Just something to bear in mind. I have actually got two ,one in Lodden Green and one in Mulberry - they are a bit more "man' friendly than some of the other coloutrs!! Good luck with your quest..


----------



## kendal (Jul 16, 2009)

DONNA said:


> Where are the over coats from Kendal?
> OMG just laughed my head off at those videos their little heads bobing up and down in the snow fab!


they are a from robinsons equestrian, i lobe them but they dont make that one anyone so to get one for Delly(was waiting till she was older so i new what size to get ad Gypsys one is smaller than Echo and Incas) i need to get their new vestion which is blue(hmmm i might get some black die), but i love them


----------



## Mogdog (Feb 6, 2011)

colpa110 said:


> Hi Sue
> 
> A you know I had the same issues as your men folk...but I have to say I use
> mine all the time now as the woods and parks around here are very
> ...


Thanks Colin ... funnily those are the two colours I've decided on! Probably Mulberry for Bess (22" inc room for growth) and Loden Green for Maisie (16" should be OK for her!).

Hubby and teenage boys are coming around to the idea although I can't see the boys walking dogs in coats!

I will watch out for leg mats.


----------



## JulesB (Mar 6, 2011)

colpa110 said:


> Hi Sue
> 
> A you know I had the same issues as your men folk...but I have to say I use
> mine all the time now as the woods and parks around here are very
> ...


Colin i know the first equafleece you got was a 16" but have you gone up a size on thr others? If so how do they fit her as in your pics the 16" looked fine but i suppose she still has a bit of growing to do.

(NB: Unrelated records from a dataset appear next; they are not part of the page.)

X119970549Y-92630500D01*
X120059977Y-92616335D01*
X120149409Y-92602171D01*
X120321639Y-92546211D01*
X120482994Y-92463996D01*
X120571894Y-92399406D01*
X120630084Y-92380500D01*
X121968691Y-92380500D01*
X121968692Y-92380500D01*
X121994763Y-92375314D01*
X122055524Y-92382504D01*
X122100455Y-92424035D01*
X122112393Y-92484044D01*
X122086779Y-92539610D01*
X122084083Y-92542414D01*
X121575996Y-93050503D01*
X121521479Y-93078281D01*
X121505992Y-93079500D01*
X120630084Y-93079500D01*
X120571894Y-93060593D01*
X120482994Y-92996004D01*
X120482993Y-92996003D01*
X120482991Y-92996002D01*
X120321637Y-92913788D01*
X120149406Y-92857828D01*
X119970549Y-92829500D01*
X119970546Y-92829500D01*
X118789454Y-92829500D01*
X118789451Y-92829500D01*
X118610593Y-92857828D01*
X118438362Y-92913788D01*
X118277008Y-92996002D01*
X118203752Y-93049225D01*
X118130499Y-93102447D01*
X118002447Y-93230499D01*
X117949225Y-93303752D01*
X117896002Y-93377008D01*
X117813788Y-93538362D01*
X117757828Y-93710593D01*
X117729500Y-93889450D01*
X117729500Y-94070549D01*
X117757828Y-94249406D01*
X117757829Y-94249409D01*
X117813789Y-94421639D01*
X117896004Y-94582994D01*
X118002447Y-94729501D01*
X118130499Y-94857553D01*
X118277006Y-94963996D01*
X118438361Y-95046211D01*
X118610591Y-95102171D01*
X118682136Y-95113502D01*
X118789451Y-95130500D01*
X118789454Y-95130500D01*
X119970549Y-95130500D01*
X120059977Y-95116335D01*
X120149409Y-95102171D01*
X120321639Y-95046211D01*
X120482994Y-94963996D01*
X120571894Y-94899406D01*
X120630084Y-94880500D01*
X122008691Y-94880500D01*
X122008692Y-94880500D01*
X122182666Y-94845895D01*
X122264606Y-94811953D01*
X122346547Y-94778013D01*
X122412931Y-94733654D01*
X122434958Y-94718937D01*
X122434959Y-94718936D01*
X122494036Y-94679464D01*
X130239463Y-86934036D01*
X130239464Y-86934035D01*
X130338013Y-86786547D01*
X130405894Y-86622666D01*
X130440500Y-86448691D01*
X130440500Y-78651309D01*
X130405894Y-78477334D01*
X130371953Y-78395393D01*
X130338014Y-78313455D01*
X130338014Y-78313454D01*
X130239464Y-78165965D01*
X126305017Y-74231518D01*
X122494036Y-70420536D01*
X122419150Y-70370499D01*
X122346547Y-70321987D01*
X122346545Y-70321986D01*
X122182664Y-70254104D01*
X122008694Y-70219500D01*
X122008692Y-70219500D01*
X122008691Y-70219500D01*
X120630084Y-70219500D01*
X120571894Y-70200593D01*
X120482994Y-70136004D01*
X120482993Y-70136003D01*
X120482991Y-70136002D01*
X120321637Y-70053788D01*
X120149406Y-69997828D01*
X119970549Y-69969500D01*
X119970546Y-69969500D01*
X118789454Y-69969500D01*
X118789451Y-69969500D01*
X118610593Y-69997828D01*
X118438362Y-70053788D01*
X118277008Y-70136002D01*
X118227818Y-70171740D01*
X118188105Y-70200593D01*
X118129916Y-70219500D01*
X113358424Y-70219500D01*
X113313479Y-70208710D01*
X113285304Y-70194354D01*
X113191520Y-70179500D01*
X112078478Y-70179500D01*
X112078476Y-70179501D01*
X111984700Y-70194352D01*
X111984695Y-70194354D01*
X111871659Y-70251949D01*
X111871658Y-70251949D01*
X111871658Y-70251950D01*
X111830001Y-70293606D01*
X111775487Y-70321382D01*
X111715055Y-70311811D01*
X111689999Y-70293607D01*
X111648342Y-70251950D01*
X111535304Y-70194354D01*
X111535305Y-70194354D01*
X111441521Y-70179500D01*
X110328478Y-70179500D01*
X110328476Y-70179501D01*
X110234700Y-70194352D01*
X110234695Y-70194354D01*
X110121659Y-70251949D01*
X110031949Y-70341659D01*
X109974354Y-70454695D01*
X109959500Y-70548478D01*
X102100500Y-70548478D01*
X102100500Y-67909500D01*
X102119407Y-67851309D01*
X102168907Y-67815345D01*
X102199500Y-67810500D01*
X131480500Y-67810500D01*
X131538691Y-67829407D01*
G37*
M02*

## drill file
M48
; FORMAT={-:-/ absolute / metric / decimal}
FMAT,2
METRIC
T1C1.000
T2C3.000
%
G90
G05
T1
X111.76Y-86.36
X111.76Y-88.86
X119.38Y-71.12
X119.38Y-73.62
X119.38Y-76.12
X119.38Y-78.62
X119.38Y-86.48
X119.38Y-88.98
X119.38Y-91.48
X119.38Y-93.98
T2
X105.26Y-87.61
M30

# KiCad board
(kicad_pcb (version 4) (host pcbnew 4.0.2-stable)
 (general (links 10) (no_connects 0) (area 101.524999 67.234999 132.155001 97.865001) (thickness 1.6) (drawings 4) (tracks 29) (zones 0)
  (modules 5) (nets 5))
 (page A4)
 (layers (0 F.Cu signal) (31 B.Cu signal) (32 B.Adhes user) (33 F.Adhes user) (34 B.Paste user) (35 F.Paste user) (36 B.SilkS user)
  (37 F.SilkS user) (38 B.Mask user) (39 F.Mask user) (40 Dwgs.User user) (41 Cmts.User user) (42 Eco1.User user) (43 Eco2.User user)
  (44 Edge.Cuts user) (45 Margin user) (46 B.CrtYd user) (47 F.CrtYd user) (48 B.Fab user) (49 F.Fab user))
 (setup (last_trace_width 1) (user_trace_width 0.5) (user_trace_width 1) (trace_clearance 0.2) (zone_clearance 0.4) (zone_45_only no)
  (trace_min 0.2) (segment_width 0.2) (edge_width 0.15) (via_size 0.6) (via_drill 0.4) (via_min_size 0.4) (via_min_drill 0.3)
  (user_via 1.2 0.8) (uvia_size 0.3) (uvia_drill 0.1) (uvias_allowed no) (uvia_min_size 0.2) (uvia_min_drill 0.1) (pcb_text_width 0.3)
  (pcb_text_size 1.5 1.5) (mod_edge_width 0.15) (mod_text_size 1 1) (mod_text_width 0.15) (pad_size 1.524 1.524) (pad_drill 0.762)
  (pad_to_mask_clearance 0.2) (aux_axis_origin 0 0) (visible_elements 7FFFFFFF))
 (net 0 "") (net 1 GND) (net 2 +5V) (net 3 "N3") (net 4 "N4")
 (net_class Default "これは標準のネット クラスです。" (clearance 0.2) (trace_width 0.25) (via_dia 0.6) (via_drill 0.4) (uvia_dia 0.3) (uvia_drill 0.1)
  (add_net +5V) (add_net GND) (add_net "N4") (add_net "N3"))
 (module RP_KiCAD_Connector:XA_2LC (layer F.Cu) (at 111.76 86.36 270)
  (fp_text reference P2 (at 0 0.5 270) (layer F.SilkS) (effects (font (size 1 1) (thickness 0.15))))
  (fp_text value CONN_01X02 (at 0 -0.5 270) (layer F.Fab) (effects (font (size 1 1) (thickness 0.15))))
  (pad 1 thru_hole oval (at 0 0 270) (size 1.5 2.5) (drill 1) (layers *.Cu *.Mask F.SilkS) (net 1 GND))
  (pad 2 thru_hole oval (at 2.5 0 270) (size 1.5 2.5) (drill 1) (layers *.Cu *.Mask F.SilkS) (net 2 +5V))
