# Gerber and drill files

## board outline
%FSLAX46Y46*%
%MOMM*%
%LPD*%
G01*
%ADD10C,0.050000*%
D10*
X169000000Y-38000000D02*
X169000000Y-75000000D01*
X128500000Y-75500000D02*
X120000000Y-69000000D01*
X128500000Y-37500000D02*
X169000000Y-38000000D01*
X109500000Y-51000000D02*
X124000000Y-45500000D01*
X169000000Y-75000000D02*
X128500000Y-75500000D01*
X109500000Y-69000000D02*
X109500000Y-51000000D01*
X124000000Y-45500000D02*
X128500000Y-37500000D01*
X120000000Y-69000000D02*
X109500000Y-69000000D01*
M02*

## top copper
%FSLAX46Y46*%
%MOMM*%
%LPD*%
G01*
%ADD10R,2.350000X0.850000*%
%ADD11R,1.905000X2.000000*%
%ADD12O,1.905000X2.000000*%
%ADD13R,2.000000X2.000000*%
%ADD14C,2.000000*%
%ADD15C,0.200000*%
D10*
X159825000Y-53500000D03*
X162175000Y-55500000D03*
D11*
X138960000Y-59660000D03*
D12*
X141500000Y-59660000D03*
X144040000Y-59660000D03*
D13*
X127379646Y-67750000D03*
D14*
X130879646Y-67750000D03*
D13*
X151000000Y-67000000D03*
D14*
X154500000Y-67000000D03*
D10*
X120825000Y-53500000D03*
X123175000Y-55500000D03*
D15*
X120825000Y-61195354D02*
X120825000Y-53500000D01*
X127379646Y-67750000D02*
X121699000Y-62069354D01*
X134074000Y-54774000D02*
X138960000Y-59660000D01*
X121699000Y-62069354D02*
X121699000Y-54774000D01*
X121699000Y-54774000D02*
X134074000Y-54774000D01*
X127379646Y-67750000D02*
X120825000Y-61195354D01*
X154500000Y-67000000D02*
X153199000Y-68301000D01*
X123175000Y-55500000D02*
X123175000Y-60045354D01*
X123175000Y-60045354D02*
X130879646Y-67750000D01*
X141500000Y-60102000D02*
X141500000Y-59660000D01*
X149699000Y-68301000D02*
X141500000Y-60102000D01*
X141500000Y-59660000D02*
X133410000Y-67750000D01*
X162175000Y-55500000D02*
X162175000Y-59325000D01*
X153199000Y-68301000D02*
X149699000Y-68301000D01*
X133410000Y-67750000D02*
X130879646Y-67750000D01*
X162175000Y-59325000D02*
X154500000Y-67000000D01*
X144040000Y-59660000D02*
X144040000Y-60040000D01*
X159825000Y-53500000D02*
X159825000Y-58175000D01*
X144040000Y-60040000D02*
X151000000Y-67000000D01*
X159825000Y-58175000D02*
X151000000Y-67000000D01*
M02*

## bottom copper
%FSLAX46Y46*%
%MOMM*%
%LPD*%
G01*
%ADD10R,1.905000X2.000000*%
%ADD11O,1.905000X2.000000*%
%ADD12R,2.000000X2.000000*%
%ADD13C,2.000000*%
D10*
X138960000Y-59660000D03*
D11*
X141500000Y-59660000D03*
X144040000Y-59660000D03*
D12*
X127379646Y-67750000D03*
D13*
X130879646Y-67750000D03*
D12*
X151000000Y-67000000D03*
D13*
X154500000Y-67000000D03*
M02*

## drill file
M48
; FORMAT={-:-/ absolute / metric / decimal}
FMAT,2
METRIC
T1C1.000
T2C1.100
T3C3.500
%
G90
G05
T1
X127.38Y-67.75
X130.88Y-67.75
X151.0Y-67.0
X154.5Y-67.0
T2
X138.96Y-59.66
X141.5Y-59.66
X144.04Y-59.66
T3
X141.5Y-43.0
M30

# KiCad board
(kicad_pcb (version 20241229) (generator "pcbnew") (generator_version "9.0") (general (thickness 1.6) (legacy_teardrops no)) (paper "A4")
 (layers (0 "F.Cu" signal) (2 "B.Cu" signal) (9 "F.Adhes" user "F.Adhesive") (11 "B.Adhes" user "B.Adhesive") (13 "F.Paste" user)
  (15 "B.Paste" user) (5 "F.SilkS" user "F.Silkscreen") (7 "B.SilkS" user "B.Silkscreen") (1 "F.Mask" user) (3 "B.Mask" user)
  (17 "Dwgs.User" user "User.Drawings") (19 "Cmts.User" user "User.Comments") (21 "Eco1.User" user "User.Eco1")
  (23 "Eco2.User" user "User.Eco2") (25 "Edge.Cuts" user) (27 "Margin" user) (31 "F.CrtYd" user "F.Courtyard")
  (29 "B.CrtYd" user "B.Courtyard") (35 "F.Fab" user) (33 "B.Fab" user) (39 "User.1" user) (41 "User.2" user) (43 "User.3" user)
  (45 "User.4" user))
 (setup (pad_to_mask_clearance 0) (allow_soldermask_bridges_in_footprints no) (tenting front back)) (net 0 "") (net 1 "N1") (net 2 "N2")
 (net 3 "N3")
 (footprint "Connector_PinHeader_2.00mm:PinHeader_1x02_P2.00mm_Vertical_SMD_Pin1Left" (layer "F.Cu") (at 161 54.5)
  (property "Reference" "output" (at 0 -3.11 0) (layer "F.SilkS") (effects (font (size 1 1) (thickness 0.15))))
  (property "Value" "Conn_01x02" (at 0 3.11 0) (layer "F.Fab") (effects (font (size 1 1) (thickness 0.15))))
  (pad "1" smd rect (at -1.175 -1) (size 2.35 0.85) (layers "F.Cu" "F.Mask" "F.Paste") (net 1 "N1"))
  (pad "2" smd rect (at 1.175 1) (size 2.35 0.85) (layers "F.Cu" "F.Mask" "F.Paste") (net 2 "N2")))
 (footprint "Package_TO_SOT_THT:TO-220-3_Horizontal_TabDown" (layer "F.Cu") (at 138.96 59.66)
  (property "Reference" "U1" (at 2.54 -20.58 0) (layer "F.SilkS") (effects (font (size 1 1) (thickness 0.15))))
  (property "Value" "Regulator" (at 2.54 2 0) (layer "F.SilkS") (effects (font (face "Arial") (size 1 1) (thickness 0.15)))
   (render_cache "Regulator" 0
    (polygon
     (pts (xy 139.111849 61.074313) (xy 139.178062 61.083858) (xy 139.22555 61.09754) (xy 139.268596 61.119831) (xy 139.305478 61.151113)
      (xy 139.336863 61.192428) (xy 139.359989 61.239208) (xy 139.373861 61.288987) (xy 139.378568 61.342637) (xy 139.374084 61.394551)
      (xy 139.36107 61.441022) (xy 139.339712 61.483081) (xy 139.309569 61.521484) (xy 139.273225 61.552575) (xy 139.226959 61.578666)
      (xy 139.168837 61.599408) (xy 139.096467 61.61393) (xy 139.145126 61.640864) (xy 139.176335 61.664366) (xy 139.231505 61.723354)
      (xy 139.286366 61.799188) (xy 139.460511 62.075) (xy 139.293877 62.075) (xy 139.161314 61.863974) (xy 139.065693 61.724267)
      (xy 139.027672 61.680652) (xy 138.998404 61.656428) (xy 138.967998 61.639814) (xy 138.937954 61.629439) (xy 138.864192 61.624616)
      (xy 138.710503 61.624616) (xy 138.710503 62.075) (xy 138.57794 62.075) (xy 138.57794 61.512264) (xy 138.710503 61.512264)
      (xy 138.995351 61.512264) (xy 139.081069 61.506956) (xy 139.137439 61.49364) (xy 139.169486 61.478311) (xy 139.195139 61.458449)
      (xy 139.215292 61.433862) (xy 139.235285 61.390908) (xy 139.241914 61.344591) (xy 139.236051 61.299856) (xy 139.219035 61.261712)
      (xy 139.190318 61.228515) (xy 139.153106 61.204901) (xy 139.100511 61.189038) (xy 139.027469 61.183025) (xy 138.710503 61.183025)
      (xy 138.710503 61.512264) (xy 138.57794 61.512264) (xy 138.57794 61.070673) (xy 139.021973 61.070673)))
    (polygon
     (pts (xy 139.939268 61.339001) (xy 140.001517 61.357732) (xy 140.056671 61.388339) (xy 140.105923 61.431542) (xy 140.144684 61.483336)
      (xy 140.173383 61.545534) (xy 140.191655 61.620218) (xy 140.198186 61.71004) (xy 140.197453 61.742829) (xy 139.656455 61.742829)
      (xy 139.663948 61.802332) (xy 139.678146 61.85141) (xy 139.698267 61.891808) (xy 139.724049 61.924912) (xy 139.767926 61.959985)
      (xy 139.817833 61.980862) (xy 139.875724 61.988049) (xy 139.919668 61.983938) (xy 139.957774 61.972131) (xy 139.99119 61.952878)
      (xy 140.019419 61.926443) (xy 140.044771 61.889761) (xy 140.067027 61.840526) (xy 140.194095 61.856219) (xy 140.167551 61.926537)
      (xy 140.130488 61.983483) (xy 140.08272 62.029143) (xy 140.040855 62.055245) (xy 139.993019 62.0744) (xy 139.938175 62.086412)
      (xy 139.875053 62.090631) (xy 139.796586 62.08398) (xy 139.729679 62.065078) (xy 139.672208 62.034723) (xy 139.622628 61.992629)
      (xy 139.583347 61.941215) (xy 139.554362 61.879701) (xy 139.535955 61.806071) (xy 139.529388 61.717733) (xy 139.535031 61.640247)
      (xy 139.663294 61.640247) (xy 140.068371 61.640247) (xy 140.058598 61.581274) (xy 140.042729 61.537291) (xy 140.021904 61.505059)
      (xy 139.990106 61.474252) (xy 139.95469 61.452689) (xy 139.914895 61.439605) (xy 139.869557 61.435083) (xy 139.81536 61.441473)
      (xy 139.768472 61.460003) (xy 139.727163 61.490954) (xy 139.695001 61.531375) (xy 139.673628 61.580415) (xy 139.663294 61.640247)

Just hope the 16" fits as my Betty is only 5.2kg so not big at all (even though as she's due a haircut she looks huge and fluffy!).

x


----------



## colpa110 (Jul 5, 2011)

Hi Jules, I think the 16 inch will be fine for your Betty. It was only just too snug for my Betty but she is 6.2kgs, the next size is a bit big but but prefer that she has a bit more room - I think she may still have a bit more growing to do..


----------



## colpa110 (Jul 5, 2011)

What impeccable taste Sue...!!!


----------



## JulesB (Mar 6, 2011)

colpa110 said:


> Hi Jules, I think the 16 inch will be fine for your Betty. It was only just too snug for my Betty but she is 6.2kgs, the next size is a bit big but but prefer that she has a bit more room - I think she may still have a bit more growing to do..


Ah good so 16" sounds fine for Betty and Maisie then!

Just want it to arrive now!!!


----------



## JoJo (Mar 2, 2011)

The kids think Kendals girls look so cute with their snowballs ... and I have to agree .. they look cute with or without snowballs ... 

Hoping for a snowing walk with our pack


----------



## JoJo (Mar 2, 2011)

Yippy one equafleece arrived for the girls .. got a 18/20 dog suit ... it actually fits Picnic with a bit of growing room but is rather snug on Honey .. so Honey will be getting a 22 inch suit ... Oakley has his size 22


----------



## Tressa (Aug 31, 2010)

OMG look how tiny Delta was in all that snow last year! I had a real laugh at them bobbing about up over their heads in the snow.


----------